# Tivo blame Sky for their previous withdrawal from the UK



## AndrewDucker (Aug 24, 2002)

http://www.techradar.com/news/television/tivo-sky-partnership-caused-uk-flop-674341


----------



## cwaring (Feb 12, 2002)

Well, I'm sure everyone on here had already figured out when it happened, but it's nice to know we were right


----------



## mikerr (Jun 2, 2005)

They have already made a slight error in giving total UK exclusivity to VirginMedia IMO

That blocks any Freeview/Freesat TiVo - unless VirginMedia decide to branch out into those markets!


----------



## Trinitron (Jan 20, 2003)

Like the article says, Virgin fit their business model. There are a lot of cities in the US though where if you want to choose to use Tivo, you need to run it alongside regular cable service. I know San Diego fairly well, and there the main providers are Time Warner - who have developed their own PVR software (on the same Scientific Atlanta boxes used by VM) - and ATT, who have IP delivery on proprietory software.

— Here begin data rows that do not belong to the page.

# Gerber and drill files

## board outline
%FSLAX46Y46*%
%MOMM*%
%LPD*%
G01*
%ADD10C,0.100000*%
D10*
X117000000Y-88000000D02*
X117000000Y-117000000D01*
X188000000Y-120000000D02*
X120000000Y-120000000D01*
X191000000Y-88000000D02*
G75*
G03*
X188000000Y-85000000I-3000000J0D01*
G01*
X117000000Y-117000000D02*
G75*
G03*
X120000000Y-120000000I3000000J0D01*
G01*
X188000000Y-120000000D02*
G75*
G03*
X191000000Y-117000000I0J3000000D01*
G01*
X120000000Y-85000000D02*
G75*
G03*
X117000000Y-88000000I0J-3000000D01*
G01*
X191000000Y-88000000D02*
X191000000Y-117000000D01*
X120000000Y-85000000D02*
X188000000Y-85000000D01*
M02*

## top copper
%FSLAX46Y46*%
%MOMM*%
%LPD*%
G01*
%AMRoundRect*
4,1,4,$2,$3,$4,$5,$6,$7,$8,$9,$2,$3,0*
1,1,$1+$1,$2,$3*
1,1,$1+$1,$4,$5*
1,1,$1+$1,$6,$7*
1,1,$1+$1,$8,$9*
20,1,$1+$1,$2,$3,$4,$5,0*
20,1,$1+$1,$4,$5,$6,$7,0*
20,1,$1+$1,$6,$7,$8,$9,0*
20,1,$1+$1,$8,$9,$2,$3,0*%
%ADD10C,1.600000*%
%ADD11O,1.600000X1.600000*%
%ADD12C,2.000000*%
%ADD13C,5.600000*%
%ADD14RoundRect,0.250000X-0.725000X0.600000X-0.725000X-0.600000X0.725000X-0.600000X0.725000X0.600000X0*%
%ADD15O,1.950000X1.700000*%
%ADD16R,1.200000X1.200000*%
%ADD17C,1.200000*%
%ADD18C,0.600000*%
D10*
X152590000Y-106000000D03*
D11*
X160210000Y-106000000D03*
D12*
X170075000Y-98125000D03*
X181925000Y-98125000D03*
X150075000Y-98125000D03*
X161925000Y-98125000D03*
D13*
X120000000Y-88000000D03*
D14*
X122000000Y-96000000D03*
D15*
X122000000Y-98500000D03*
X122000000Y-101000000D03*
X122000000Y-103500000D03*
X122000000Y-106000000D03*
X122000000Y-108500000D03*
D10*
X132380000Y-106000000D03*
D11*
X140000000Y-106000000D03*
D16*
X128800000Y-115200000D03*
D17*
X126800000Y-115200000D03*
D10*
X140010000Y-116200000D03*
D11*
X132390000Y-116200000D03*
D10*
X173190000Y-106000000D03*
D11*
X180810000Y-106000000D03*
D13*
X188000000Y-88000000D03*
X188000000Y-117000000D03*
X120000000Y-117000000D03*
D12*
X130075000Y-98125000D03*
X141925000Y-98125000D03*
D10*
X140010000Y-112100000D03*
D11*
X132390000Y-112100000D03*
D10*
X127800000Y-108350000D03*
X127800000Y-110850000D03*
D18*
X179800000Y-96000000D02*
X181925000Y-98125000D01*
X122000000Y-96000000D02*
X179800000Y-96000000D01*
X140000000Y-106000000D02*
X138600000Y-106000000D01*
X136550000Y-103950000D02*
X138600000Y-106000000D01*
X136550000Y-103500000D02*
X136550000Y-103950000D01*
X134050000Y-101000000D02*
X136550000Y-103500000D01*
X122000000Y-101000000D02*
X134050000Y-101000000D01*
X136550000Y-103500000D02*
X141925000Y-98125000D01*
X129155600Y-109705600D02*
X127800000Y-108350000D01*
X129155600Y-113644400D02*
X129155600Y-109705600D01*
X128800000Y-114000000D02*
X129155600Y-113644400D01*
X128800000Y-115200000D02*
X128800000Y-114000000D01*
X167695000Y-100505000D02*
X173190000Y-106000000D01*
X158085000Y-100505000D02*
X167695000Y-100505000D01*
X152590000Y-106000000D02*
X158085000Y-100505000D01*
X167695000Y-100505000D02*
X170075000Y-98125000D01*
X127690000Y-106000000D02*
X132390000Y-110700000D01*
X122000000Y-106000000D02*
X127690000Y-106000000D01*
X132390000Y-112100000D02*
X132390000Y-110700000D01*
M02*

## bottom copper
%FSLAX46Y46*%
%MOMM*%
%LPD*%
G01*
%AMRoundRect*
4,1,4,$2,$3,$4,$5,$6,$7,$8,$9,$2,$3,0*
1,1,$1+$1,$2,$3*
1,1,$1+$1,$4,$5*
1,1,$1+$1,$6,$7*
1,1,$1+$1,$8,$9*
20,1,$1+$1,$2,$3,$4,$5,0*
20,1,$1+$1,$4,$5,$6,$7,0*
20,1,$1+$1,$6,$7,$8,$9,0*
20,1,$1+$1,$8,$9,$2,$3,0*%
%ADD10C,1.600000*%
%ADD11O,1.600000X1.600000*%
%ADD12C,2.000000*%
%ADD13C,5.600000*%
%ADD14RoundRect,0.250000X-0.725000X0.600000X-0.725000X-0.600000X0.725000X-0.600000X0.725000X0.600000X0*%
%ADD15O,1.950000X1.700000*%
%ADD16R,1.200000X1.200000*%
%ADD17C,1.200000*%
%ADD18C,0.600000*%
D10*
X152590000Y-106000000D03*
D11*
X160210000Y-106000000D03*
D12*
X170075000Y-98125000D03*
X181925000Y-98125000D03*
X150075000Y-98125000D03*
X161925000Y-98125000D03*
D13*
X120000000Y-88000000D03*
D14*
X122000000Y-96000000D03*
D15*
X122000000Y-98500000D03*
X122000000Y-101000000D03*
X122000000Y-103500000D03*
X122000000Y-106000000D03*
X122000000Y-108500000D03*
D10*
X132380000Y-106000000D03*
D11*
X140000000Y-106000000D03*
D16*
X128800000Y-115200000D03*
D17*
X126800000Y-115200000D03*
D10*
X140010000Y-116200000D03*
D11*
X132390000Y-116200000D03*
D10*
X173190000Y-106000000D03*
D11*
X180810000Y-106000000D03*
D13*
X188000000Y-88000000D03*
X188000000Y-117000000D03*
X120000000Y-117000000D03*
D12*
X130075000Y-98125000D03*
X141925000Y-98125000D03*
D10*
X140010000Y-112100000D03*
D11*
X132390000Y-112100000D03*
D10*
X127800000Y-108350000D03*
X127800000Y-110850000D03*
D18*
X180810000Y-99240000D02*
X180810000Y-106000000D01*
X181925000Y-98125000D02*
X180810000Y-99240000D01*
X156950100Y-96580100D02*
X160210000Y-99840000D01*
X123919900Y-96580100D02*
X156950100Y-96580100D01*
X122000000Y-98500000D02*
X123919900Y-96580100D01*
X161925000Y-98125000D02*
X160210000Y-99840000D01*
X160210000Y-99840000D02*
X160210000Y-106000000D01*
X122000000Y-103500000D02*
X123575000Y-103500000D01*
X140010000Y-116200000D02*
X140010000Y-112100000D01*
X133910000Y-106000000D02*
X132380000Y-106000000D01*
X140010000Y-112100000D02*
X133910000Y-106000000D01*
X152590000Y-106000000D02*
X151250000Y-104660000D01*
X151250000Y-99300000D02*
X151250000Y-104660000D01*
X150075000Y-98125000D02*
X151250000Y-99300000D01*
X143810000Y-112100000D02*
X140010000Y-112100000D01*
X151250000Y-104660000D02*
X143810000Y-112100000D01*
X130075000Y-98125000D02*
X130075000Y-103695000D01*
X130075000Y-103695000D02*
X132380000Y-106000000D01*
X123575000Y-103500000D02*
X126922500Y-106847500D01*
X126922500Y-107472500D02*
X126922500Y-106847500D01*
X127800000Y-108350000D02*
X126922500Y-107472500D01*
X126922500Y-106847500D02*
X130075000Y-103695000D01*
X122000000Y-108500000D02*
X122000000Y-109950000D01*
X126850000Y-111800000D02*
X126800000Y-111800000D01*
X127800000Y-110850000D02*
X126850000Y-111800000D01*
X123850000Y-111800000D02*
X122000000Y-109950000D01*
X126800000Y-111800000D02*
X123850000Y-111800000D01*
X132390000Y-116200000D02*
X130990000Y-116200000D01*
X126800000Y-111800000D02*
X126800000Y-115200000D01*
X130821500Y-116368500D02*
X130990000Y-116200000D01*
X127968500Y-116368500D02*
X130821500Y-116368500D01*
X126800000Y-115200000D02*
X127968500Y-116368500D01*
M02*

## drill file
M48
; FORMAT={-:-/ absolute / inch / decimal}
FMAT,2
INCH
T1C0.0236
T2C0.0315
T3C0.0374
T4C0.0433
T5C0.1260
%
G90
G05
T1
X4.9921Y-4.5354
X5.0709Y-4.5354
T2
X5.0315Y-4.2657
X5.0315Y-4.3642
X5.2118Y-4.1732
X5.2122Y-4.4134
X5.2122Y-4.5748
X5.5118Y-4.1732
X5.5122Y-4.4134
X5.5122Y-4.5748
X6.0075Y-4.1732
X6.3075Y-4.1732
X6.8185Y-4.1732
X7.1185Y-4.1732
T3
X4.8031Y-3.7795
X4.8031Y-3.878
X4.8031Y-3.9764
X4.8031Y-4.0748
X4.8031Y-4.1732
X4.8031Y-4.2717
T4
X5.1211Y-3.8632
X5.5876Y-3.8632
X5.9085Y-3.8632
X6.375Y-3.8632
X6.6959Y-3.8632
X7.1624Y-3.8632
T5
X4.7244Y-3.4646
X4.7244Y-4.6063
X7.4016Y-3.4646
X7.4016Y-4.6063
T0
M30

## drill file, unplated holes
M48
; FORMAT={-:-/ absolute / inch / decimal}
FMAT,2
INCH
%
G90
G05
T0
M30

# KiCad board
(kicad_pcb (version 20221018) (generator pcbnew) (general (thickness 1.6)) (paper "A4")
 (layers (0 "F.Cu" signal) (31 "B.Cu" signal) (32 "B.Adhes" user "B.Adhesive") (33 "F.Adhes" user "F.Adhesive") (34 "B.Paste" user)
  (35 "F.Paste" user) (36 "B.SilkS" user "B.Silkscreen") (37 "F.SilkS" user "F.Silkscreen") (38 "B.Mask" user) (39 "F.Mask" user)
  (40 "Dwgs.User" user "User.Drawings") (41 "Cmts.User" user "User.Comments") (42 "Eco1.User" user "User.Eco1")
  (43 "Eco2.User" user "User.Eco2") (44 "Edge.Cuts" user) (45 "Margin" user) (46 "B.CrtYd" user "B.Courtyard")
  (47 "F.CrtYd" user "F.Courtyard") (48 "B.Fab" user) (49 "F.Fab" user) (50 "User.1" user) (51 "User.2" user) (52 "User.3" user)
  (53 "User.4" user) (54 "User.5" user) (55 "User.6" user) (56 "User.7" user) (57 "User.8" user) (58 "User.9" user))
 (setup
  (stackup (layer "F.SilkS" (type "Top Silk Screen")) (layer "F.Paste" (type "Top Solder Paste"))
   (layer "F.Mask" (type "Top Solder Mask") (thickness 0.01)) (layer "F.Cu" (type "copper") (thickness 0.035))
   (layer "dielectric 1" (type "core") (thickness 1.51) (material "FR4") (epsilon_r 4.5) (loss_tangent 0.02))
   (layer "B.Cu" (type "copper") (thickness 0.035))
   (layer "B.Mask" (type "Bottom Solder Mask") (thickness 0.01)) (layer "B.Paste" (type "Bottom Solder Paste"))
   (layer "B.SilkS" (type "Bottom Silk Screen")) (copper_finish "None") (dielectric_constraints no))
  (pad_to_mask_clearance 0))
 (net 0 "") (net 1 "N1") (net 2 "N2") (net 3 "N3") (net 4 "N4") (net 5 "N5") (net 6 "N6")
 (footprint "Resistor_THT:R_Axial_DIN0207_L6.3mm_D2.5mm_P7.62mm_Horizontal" (layer "F.Cu") (at 152.59 106)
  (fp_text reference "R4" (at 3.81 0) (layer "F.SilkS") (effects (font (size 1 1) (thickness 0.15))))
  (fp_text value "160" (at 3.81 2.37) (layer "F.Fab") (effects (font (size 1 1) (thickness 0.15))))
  (pad "1" thru_hole circle (at 0 0) (size 1.6 1.6) (drill 0.8) (layers "*.Cu" "*.Mask") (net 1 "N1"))
  (pad "2" thru_hole oval (at 7.62 0) (size 1.6 1.6) (drill 0.8) (layers "*.Cu" "*.Mask") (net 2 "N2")))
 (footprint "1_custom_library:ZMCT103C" (layer "F.Cu") (at 167 93)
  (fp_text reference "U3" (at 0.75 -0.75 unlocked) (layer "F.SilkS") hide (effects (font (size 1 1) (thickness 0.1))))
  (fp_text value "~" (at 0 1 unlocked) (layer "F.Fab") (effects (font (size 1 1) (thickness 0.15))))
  (pad "1" thru_hole circle (at 3.075 5.125) (size 2 2) (drill 1.1) (layers "*.Cu" "*.Mask") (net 1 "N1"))
  (pad "2" thru_hole circle (at 14.925 5.125) (size 2 2) (drill 1.1) (layers "*.Cu" "*.Mask") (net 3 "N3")))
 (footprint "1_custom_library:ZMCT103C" (layer "F.Cu") (at 147 93)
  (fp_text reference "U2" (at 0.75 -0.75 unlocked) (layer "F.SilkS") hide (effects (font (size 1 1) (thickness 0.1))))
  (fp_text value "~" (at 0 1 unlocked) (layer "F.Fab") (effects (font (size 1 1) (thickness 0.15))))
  (pad "1" thru_hole circle (at 3.075 5.125) (size 2 2) (drill 1.1) (layers "*.Cu" "*.Mask") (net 1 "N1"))
  (pad "2" thru_hole circle (at 14.925 5.125) (size 2 2) (drill 1.1) (layers "*.Cu" "*.Mask") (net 2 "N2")))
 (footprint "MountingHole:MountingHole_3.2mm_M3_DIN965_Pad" (layer "F.Cu") (at 120 88)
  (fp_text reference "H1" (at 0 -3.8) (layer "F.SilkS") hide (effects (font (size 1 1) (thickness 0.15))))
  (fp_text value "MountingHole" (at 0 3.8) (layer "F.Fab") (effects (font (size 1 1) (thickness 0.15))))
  (pad "1" thru_hole circle (at 0 0) (size 5.6 5.6) (drill 3.2) (layers "*.Cu" "*.Mask")))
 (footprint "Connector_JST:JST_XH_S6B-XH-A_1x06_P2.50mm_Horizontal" (layer "F.Cu") (at 122 96 -90)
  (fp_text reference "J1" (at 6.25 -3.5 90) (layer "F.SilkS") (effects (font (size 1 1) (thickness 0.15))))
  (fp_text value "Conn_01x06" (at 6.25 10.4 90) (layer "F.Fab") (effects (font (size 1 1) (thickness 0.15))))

If they can persuade Virgin to market the new Premiere box as an IP based solution, then that may be the best those of us outside VM land[1] can hope for.

[1] Irritatingly (in some ways, as I dislike VM even more than I dislike Sky), there is cable where I live but it never got to this part of town, back in the days of Nynex...


----------



## cwaring (Feb 12, 2002)

Trinitron said:


> ...there is cable where I live but it never got to this part of town...

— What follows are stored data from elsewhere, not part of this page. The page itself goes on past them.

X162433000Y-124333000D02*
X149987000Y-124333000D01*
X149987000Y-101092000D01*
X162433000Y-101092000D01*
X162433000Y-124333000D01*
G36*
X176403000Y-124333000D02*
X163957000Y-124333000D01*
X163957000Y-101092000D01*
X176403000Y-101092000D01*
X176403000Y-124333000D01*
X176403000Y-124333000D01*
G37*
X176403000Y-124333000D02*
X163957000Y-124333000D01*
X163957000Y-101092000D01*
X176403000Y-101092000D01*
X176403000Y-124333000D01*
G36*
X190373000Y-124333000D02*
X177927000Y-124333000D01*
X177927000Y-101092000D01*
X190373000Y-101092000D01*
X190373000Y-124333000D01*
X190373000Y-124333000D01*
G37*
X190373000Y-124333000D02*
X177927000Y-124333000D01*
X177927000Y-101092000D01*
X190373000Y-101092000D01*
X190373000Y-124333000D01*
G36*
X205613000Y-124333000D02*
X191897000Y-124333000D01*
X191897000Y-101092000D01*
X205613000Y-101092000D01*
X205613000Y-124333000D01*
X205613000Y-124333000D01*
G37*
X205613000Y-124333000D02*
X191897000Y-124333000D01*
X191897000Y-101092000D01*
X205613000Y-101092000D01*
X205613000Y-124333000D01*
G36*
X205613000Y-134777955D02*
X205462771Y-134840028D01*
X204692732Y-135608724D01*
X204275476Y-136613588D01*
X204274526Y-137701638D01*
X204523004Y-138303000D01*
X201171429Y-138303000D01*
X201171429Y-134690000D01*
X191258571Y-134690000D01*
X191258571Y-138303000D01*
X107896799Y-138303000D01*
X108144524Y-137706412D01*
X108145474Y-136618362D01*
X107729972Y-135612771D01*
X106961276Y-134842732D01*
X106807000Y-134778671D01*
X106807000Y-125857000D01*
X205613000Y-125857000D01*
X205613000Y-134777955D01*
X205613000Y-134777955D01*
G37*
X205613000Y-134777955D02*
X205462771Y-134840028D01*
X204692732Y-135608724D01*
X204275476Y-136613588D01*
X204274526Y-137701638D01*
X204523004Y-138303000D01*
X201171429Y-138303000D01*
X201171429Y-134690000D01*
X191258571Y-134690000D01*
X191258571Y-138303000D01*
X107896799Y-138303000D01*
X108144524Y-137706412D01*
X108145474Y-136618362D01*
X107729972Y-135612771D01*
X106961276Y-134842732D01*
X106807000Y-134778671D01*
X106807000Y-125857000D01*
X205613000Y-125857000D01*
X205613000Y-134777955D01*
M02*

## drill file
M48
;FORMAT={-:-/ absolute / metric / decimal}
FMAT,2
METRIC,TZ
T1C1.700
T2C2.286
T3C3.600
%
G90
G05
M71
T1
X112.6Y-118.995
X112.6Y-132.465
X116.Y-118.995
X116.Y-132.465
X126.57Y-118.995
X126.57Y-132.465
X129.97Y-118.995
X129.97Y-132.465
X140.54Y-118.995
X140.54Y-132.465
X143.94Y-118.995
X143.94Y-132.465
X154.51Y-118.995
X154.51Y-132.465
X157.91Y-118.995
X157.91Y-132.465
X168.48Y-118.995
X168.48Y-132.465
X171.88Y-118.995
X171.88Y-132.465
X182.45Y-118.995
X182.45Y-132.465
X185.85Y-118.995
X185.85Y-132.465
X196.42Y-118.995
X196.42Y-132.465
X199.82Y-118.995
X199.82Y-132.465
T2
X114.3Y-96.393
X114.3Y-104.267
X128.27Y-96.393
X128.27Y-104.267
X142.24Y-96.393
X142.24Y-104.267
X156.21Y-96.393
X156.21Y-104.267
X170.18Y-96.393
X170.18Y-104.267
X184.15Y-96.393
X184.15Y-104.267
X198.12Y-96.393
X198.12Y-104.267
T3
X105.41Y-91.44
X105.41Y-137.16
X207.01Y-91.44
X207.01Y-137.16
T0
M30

I know that VM are now actively looking to fill-in these missing areas. Try emailing them about it; cablemystreetATvirgimediaDOTCOM.


----------



## AMc (Mar 22, 2002)

mikerr said:


> They have already made a slight error in giving total UK exclusivity to VirginMedia IMO
> 
> That blocks any Freeview/Freesat TiVo - unless VirginMedia decide to branch out into those markets!


As a Virgin ADSL customer I was offered a Virgin branded Freeview box when I signed up. It seems to be MIA on their site at the moment though.

It's not a massive leap as Tivo have a working Freeview demonstrator & virgin have plenty of voice and ADSL customers to upsell to. I can't see any reason why Virgin with Tivo wouldn't pursue this route in future, particularly as the wholesale BT DSL products improve in speed making the paid VOD a sensible option outside their fibre networks.


----------



## Milhouse (Sep 15, 2001)

cwaring said:


> I know that VM are now actively looking to fill-in these missing areas. Try emailing them about it; cablemystreetATvirgimediaDOTCOM.


I did that and even though I already have analogue cable in my property they still aren't in a position to upgrade it to the digital service (despite me already receiving the digital signals...) so I honestly wouldn't recommend anyone holding their breath if they don't have the physical cables in place... 

It's frustrating to see Virgin investing in 100MB and 200MB even 1GB broadband over their fibre network yet their service is available to just a fraction of the population.


----------



## davisa (Feb 19, 2002)

Milhouse said:


> It's frustrating to see Virgin investing in 100MB and 200MB even 1GB broadband over their fibre network yet their service is available to just a fraction of the population.


Not as frustrating as their attitude of large headline figures, without the infrastructure to support it for any length of time. Even on 20mbps you'll be STM'd after about 20 minutes. A bit useless for HiDef downloads...


----------



## cwaring (Feb 12, 2002)

Milhouse said:


> It's frustrating to see Virgin investing in 100MB and 200MB even 1GB broadband over their fibre network yet their service is available to just a fraction of the population.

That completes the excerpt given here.